Task requirements. Each line of the listing that includes the string "user" is to be identified and copied.

Extracted material.
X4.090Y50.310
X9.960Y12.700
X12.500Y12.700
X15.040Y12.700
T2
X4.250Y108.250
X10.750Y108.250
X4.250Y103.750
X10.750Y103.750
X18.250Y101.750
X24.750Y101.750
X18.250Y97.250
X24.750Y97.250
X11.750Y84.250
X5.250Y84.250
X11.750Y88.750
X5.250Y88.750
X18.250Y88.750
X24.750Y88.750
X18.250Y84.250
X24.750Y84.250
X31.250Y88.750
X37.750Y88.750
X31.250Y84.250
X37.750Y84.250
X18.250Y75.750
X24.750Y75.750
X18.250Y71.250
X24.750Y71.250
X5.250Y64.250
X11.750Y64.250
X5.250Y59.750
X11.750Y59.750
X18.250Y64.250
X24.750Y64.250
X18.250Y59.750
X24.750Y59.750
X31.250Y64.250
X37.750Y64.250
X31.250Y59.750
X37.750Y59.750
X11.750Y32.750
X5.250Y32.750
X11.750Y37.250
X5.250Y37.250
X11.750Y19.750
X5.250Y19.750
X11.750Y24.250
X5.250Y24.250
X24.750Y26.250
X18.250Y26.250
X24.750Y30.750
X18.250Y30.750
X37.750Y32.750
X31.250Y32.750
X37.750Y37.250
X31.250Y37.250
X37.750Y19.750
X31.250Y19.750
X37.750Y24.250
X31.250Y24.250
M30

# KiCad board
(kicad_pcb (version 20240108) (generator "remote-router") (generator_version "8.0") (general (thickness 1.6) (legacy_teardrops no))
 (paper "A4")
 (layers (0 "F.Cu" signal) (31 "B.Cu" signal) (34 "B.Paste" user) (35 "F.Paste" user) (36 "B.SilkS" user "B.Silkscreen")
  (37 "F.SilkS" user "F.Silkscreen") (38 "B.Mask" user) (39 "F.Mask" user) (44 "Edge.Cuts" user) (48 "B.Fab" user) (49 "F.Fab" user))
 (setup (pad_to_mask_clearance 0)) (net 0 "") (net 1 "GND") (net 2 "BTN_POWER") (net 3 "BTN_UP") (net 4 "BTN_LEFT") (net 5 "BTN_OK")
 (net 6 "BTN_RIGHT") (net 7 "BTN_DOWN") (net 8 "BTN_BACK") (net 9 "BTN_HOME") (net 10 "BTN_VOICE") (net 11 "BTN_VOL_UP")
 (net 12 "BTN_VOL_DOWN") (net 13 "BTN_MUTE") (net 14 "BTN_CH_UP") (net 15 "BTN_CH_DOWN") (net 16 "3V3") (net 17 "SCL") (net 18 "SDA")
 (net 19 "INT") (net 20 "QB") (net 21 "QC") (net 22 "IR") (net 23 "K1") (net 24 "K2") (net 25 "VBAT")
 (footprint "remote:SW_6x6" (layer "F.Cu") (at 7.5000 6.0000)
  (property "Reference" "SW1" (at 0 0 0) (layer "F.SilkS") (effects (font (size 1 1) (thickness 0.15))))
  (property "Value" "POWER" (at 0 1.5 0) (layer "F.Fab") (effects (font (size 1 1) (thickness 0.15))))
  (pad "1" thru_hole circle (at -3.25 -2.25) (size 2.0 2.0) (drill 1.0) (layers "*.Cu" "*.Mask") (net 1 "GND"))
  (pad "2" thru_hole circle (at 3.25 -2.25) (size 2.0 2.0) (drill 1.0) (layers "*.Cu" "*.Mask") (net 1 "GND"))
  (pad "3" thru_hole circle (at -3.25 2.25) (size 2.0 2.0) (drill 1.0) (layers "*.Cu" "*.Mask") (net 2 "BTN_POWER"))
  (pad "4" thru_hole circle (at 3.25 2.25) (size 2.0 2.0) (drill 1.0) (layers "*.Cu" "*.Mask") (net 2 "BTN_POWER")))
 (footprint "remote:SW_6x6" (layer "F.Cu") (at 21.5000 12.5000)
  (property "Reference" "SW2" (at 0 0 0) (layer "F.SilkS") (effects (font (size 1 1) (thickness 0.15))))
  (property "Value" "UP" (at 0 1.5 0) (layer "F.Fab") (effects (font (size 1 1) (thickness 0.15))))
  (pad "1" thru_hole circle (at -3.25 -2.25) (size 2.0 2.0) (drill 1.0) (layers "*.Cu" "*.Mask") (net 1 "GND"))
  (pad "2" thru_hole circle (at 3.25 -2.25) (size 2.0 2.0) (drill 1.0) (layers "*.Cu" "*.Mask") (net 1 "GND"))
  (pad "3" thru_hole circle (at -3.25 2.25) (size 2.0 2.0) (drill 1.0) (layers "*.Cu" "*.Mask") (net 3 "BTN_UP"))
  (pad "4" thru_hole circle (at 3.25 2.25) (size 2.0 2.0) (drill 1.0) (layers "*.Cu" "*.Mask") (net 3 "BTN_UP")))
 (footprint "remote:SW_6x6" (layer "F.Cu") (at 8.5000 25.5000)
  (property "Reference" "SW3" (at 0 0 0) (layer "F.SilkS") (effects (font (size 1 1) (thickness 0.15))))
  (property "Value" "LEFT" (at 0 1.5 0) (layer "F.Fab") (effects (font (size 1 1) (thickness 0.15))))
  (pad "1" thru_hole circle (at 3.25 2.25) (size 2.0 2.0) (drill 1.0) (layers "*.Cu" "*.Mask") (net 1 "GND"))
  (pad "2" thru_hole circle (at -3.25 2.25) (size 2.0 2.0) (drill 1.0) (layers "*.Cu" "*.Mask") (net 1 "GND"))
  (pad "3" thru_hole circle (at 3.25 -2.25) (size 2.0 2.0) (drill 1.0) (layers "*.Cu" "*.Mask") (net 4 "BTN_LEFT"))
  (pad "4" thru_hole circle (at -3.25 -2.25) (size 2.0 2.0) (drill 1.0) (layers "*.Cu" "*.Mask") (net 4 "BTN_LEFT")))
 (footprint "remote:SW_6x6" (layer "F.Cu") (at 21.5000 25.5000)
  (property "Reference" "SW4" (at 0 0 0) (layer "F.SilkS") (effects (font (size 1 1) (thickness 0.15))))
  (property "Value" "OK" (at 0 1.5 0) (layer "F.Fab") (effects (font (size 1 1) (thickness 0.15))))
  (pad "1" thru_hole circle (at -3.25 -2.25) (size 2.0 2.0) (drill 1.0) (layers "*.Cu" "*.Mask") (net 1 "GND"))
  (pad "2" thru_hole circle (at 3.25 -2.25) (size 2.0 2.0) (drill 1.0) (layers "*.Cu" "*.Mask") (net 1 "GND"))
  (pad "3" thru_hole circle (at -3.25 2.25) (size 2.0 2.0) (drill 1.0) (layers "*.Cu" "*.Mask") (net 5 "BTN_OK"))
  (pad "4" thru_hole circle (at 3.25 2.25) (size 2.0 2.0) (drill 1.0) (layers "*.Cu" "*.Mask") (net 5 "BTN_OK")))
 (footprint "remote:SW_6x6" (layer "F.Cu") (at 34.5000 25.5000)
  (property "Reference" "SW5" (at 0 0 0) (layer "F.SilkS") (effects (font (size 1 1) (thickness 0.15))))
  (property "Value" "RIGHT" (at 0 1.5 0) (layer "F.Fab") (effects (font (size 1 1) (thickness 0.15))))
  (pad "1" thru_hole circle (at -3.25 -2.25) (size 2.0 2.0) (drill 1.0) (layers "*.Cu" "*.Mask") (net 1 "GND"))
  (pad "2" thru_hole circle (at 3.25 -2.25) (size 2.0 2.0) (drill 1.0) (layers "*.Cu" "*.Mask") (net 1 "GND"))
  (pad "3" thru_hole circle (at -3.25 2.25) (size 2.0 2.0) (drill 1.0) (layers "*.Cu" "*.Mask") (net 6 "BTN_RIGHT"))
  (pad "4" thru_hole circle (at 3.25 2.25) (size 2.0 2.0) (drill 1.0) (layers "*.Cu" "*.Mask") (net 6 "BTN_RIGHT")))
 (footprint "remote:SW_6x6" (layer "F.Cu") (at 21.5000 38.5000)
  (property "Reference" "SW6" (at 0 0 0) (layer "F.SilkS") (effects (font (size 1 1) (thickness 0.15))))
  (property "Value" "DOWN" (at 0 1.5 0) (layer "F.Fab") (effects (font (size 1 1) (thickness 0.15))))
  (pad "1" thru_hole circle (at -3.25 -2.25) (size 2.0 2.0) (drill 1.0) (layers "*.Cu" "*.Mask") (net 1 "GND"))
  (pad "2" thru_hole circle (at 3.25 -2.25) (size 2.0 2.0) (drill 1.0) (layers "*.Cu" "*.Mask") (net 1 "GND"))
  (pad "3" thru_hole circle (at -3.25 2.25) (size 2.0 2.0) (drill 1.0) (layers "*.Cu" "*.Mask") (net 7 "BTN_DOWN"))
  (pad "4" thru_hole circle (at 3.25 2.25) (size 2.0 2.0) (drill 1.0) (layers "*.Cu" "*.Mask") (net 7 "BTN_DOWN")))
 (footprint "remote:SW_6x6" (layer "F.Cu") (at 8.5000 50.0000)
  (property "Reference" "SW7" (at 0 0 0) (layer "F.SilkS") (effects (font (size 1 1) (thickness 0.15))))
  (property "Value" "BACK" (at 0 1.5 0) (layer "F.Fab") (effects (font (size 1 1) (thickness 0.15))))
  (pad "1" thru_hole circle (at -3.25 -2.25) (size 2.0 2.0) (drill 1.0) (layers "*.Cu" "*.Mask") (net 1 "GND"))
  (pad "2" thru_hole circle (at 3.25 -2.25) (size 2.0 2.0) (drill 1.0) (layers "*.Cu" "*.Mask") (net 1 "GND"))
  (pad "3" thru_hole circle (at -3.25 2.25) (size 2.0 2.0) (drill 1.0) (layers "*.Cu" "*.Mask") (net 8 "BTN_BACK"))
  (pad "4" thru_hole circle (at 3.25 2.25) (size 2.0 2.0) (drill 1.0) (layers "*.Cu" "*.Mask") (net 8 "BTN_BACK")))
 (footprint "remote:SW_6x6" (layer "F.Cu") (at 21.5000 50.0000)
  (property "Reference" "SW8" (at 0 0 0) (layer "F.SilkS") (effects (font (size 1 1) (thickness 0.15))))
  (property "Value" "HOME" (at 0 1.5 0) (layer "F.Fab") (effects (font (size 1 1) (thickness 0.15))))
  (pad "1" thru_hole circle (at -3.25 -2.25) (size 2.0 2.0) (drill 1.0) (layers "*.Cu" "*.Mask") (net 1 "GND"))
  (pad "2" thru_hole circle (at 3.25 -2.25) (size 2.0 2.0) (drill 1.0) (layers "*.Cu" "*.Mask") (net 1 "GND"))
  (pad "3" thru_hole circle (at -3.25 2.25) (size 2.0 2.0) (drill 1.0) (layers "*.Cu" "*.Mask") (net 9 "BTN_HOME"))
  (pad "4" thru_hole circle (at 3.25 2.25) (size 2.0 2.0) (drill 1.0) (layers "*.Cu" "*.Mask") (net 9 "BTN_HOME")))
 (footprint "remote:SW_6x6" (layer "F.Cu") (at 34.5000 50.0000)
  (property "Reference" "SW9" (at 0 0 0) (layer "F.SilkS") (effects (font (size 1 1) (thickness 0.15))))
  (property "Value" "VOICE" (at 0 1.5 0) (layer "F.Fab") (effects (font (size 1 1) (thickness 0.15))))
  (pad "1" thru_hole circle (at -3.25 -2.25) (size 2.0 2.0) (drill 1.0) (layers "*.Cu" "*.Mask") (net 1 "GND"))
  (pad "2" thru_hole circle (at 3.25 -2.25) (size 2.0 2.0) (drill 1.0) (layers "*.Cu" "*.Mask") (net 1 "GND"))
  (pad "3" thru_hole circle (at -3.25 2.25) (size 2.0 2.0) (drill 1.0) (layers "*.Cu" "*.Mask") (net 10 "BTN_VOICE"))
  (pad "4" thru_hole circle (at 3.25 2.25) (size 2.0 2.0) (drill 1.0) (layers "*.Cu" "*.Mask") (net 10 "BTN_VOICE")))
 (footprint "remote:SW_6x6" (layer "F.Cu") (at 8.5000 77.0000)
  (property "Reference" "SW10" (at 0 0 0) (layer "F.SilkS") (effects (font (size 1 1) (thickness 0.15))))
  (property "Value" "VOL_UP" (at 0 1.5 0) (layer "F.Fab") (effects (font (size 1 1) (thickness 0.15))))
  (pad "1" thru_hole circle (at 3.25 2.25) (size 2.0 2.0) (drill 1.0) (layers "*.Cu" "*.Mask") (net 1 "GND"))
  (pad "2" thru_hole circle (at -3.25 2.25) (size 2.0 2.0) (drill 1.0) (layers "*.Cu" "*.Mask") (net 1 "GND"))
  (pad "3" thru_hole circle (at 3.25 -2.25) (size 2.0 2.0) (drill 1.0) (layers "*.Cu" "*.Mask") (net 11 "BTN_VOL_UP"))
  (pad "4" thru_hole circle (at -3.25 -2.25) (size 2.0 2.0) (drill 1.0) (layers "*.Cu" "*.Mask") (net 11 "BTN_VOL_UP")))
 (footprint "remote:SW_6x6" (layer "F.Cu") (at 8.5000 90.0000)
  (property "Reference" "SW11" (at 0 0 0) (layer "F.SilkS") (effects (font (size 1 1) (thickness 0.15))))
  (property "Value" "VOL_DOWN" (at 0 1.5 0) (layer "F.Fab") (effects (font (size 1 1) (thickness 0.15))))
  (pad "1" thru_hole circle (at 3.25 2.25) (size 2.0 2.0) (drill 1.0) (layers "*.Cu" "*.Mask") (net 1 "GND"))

Exercise answer.
 (layers (0 "F.Cu" signal) (31 "B.Cu" signal) (34 "B.Paste" user) (35 "F.Paste" user) (36 "B.SilkS" user "B.Silkscreen")
  (37 "F.SilkS" user "F.Silkscreen") (38 "B.Mask" user) (39 "F.Mask" user) (44 "Edge.Cuts" user) (48 "B.Fab" user) (49 "F.Fab" user))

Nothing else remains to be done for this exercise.